Anticoagulation in the Fontan circuit is often indicated in the setting of ventricular dysfunction, arrhythmias, prior thromboembolism, and/or Fontan fenestration (5). In the setting of COVID-19 illness, anticoagulation is recommended because of increased thrombosis risk (6). We elected to begin therapeutic anticoagulation for this reason.

Severe COVID-19 is characterized by a cytokine storm and exaggerated immune response. It is unclear if HIV and/or antiretroviral therapy (ART) predisposes or protects individuals from SARS-CoV-2. No patients with HIV on ART contracted the original SARS virus, potentially because ART mitigated the inflammatory response (7). Our patient, although adherent to ART and with a normal CD4 count before admission, was not spared from SARS-CoV-2.
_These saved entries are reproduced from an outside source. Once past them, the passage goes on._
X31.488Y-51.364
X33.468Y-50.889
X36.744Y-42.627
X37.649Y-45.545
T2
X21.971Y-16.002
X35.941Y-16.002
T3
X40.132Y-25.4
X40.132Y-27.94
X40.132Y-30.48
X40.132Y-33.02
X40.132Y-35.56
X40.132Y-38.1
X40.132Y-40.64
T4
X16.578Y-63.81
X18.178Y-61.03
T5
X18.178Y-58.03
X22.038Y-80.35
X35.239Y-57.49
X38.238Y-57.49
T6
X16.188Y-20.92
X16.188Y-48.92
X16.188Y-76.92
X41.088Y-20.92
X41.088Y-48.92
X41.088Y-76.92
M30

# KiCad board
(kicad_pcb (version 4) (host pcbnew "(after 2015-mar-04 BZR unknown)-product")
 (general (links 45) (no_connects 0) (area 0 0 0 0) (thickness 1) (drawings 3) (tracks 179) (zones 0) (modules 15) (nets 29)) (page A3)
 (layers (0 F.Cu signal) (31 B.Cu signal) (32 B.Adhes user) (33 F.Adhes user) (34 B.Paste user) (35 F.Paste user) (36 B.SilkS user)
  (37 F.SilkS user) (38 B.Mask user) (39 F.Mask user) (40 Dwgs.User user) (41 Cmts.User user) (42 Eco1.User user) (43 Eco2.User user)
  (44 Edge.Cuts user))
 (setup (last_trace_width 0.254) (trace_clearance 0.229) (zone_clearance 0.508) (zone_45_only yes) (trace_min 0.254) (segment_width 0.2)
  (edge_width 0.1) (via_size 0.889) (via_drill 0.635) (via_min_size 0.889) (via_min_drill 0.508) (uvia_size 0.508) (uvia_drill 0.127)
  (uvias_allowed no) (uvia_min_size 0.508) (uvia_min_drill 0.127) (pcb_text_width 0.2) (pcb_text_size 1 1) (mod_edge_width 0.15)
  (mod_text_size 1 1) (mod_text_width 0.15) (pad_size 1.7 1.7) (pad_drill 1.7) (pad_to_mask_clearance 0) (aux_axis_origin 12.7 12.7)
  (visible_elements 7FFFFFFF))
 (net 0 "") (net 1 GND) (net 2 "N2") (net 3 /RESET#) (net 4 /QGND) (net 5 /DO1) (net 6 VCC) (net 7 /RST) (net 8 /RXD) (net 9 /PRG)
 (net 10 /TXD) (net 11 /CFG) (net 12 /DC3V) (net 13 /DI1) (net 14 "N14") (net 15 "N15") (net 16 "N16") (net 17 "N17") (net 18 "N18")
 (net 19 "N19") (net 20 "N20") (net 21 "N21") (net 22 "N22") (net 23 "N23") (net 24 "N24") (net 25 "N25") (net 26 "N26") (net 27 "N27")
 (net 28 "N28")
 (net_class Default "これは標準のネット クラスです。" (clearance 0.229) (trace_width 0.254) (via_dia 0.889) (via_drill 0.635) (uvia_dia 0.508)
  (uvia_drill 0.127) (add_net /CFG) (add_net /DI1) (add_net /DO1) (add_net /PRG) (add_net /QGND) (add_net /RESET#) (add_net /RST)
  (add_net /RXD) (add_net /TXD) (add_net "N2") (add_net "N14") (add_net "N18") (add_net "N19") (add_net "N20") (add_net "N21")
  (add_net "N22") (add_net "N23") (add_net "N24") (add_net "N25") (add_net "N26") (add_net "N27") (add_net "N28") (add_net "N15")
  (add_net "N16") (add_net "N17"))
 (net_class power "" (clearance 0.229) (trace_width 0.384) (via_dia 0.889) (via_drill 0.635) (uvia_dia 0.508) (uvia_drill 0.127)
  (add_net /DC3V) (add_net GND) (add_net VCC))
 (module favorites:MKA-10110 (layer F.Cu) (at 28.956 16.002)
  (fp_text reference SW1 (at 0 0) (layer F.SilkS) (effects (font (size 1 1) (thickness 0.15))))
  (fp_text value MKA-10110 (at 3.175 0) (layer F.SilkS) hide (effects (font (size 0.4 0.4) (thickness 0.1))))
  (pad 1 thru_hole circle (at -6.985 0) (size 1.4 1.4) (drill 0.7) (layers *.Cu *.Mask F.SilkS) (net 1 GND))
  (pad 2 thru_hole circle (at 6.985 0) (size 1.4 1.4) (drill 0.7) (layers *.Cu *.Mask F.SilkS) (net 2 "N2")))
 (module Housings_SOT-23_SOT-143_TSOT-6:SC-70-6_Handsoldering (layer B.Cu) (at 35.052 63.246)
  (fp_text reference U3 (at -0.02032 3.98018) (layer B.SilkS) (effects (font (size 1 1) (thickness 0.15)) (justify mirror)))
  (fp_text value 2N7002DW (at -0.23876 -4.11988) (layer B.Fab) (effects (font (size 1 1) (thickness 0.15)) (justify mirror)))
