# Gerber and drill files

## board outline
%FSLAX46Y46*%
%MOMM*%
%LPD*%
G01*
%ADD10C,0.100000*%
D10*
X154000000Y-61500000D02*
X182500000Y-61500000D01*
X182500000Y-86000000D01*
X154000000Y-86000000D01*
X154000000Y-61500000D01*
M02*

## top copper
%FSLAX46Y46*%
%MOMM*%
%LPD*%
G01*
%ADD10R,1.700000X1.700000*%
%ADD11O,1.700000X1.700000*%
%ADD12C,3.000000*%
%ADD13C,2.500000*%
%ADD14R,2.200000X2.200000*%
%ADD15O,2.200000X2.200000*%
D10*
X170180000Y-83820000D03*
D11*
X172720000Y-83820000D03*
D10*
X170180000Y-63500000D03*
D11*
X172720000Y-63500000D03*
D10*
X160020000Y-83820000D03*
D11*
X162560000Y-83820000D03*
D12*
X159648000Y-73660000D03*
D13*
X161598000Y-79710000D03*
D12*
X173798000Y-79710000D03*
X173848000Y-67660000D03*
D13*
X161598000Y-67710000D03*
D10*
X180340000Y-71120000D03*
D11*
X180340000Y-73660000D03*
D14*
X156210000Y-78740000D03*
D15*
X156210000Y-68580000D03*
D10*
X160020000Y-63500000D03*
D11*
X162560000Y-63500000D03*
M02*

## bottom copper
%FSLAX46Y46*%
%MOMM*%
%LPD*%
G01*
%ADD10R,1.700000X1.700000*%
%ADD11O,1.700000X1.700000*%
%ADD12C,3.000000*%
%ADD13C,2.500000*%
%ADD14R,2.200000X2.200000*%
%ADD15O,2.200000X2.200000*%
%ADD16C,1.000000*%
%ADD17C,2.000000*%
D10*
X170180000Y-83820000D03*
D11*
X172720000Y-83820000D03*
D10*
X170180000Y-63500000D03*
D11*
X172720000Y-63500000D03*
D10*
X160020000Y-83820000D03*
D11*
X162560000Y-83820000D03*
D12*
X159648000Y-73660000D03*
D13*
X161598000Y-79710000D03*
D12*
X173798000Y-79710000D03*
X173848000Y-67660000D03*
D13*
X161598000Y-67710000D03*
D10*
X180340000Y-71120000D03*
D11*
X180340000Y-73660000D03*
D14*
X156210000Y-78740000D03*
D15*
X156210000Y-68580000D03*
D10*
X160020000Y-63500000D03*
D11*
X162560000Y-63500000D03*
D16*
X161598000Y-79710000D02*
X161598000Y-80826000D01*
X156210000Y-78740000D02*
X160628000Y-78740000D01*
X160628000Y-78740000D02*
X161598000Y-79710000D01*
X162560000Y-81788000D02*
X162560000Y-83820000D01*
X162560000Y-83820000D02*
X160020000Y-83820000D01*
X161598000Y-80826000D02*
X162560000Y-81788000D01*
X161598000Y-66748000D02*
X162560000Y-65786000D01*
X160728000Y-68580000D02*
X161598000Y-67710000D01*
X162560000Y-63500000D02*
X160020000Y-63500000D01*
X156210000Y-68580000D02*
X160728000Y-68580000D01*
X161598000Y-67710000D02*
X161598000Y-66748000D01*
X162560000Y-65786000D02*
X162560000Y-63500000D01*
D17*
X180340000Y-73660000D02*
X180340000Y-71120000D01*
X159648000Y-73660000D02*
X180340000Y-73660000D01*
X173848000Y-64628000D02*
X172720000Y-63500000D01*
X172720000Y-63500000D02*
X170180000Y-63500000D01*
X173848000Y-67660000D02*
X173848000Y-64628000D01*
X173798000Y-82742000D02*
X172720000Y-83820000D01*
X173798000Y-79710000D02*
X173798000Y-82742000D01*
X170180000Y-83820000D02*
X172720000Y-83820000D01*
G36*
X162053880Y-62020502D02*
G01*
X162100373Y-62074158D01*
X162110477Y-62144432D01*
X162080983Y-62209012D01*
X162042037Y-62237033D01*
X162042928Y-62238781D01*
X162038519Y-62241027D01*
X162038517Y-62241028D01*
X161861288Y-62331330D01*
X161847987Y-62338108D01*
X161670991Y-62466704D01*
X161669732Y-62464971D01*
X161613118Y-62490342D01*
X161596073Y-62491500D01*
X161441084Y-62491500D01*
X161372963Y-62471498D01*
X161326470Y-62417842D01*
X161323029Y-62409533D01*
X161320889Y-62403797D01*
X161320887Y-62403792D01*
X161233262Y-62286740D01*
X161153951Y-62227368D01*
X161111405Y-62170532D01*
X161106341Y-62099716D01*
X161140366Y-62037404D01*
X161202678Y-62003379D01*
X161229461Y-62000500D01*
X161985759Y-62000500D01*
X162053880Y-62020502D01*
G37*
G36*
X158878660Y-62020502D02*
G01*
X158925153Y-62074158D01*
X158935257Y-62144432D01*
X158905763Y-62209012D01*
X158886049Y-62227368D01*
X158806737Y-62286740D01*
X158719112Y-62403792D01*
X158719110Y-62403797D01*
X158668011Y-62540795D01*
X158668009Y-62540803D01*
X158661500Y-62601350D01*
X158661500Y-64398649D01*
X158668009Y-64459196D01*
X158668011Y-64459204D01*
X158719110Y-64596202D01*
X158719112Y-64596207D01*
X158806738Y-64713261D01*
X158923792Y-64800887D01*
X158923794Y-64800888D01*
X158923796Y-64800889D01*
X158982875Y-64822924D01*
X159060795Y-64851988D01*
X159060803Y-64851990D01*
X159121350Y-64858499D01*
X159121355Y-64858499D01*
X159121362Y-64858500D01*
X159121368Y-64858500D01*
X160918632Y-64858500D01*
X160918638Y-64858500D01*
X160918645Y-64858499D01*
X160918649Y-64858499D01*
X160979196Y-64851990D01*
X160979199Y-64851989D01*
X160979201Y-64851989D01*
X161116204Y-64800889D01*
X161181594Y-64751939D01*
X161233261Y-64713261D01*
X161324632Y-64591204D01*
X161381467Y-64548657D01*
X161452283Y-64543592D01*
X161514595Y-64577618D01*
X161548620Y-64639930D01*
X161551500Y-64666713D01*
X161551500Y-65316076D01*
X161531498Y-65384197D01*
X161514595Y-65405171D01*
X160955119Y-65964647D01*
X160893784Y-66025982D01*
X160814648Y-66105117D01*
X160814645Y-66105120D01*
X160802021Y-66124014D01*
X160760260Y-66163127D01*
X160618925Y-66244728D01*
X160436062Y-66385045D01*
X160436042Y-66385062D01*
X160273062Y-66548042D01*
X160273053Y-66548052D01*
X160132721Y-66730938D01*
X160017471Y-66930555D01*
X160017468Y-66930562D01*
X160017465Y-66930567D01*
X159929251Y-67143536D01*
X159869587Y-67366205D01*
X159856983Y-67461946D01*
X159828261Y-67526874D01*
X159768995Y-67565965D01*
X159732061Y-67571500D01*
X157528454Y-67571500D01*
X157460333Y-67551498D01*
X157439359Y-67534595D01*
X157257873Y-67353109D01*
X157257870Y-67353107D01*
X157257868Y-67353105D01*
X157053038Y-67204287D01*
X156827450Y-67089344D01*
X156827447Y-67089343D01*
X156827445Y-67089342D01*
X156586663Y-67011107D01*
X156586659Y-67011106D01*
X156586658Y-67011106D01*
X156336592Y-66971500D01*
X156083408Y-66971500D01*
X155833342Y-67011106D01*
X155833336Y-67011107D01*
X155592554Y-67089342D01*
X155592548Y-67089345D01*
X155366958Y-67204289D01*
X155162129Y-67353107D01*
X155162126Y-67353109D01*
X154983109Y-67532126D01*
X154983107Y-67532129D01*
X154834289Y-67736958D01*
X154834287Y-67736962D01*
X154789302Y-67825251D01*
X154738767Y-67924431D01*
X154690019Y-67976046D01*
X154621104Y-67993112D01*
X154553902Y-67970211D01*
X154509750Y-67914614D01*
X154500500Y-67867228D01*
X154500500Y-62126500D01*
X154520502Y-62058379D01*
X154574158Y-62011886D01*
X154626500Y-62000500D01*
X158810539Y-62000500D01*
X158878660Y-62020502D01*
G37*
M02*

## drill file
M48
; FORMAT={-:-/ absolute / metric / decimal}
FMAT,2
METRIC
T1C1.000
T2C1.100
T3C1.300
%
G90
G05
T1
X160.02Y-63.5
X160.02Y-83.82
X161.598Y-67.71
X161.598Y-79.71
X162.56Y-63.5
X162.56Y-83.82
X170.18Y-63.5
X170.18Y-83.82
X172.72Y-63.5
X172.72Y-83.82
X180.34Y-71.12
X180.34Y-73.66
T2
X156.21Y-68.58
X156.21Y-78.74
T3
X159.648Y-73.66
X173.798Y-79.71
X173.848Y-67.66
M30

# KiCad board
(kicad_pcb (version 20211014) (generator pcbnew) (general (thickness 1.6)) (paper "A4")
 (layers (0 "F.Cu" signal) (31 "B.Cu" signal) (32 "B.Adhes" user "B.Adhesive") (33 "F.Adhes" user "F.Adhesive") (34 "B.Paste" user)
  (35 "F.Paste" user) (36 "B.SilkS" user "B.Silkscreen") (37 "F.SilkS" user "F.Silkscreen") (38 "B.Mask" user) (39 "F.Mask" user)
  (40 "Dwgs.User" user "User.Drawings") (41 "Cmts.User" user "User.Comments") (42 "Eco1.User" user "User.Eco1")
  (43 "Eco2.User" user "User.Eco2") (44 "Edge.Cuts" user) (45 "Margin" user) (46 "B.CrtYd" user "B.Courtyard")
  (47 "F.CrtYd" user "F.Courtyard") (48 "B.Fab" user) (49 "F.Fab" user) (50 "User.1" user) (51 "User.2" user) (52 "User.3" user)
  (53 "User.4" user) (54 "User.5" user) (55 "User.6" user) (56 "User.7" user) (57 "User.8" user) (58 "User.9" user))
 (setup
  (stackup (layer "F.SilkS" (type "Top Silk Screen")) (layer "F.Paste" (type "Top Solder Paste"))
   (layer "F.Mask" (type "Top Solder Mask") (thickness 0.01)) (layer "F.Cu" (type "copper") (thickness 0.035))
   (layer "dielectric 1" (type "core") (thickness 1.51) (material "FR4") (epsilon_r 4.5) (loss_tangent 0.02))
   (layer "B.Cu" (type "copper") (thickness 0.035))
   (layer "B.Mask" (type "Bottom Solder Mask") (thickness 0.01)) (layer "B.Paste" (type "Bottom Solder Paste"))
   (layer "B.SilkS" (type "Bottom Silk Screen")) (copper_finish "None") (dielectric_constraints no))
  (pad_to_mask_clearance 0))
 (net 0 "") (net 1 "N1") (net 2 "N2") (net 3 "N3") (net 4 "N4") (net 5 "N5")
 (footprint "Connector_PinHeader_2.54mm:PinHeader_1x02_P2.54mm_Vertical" (layer "F.Cu") (at 170.18 83.82 90)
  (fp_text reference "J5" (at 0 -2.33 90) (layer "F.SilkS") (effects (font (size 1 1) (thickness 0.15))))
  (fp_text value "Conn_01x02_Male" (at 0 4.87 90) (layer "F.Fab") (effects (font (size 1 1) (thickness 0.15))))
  (pad "1" thru_hole rect (at 0 0 90) (size 1.7 1.7) (drill 1) (layers *.Cu *.Mask) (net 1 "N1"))
  (pad "2" thru_hole oval (at 0 2.54 90) (size 1.7 1.7) (drill 1) (layers *.Cu *.Mask) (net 1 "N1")))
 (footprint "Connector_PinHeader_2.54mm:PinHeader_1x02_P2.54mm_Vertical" (layer "F.Cu") (at 170.18 63.5 90)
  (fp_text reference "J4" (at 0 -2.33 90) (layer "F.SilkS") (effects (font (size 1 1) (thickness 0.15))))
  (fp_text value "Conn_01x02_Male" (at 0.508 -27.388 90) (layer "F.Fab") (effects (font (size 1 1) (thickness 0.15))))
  (pad "1" thru_hole rect (at 0 0 90) (size 1.7 1.7) (drill 1) (layers *.Cu *.Mask) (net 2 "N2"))
  (pad "2" thru_hole oval (at 0 2.54 90) (size 1.7 1.7) (drill 1) (layers *.Cu *.Mask) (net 2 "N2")))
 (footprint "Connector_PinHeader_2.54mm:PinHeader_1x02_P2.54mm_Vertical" (layer "F.Cu") (at 160.02 83.82 90)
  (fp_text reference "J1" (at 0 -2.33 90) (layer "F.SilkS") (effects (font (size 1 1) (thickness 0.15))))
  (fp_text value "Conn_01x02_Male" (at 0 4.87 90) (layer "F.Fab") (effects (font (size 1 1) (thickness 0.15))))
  (pad "1" thru_hole rect (at 0 0 90) (size 1.7 1.7) (drill 1) (layers *.Cu *.Mask) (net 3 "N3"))
  (pad "2" thru_hole oval (at 0 2.54 90) (size 1.7 1.7) (drill 1) (layers *.Cu *.Mask) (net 3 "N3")))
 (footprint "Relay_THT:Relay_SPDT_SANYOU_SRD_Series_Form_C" (layer "F.Cu") (at 159.648 73.66)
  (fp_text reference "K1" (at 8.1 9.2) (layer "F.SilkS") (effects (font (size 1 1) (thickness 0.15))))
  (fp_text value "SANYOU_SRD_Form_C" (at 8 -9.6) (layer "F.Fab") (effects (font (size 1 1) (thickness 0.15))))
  (pad "1" thru_hole circle (at 0 0 90) (size 3 3) (drill 1.3) (layers *.Cu *.Mask) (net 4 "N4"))
  (pad "2" thru_hole circle (at 1.95 6.05 90) (size 2.5 2.5) (drill 1) (layers *.Cu *.Mask) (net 3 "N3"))
  (pad "3" thru_hole circle (at 14.15 6.05 90) (size 3 3) (drill 1.3) (layers *.Cu *.Mask) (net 1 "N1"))
  (pad "4" thru_hole circle (at 14.2 -6 90) (size 3 3) (drill 1.3) (layers *.Cu *.Mask) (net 2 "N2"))
  (pad "5" thru_hole circle (at 1.95 -5.95 90) (size 2.5 2.5) (drill 1) (layers *.Cu *.Mask) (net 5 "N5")))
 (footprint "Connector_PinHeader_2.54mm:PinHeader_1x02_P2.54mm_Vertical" (layer "F.Cu") (at 180.34 71.12)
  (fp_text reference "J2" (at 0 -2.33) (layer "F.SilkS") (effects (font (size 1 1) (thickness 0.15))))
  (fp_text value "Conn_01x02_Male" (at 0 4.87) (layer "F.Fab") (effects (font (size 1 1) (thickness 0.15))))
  (pad "1" thru_hole rect (at 0 0) (size 1.7 1.7) (drill 1) (layers *.Cu *.Mask) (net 4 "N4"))
  (pad "2" thru_hole oval (at 0 2.54) (size 1.7 1.7) (drill 1) (layers *.Cu *.Mask) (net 4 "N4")))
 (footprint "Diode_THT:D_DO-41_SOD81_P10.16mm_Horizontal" (layer "F.Cu") (at 156.21 78.74 90)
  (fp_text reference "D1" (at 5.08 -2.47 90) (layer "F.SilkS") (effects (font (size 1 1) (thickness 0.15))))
Although documented in prior case reports, pneumothorax in COVID-19 is rare. Our patient had no known history of prior pneumothorax or Pneumocystis pneumonia, which predisposed to pneumothorax (8). Round cystic changes favored to represent pneumatoceles are not uncommon findings in SARS-CoV-2 (9).

Follow-Up

The patient was seen in the clinic 2 weeks after discharge. He remained fatigued but was slowly regaining strength, and oxygen saturation on room air had returned to his baseline at rest, although with desaturation with activity.

Conclusions

We describe the first case of severe COVID-19 an adult single-ventricle patient post–Fontan palliation. His course was complicated by pneumohemothorax and comorbidity of HIV. Treatment with HFNC (and avoidance of mechanical ventilation), nitric oxide, and chest tube placement, along with remdesivir, steroids, and convalescent plasma, allowed the patient to recover to hospital discharge.

Funding Support and Author Disclosures

The authors have reported that they have no relationships relevant to the contents of this paper to disclose.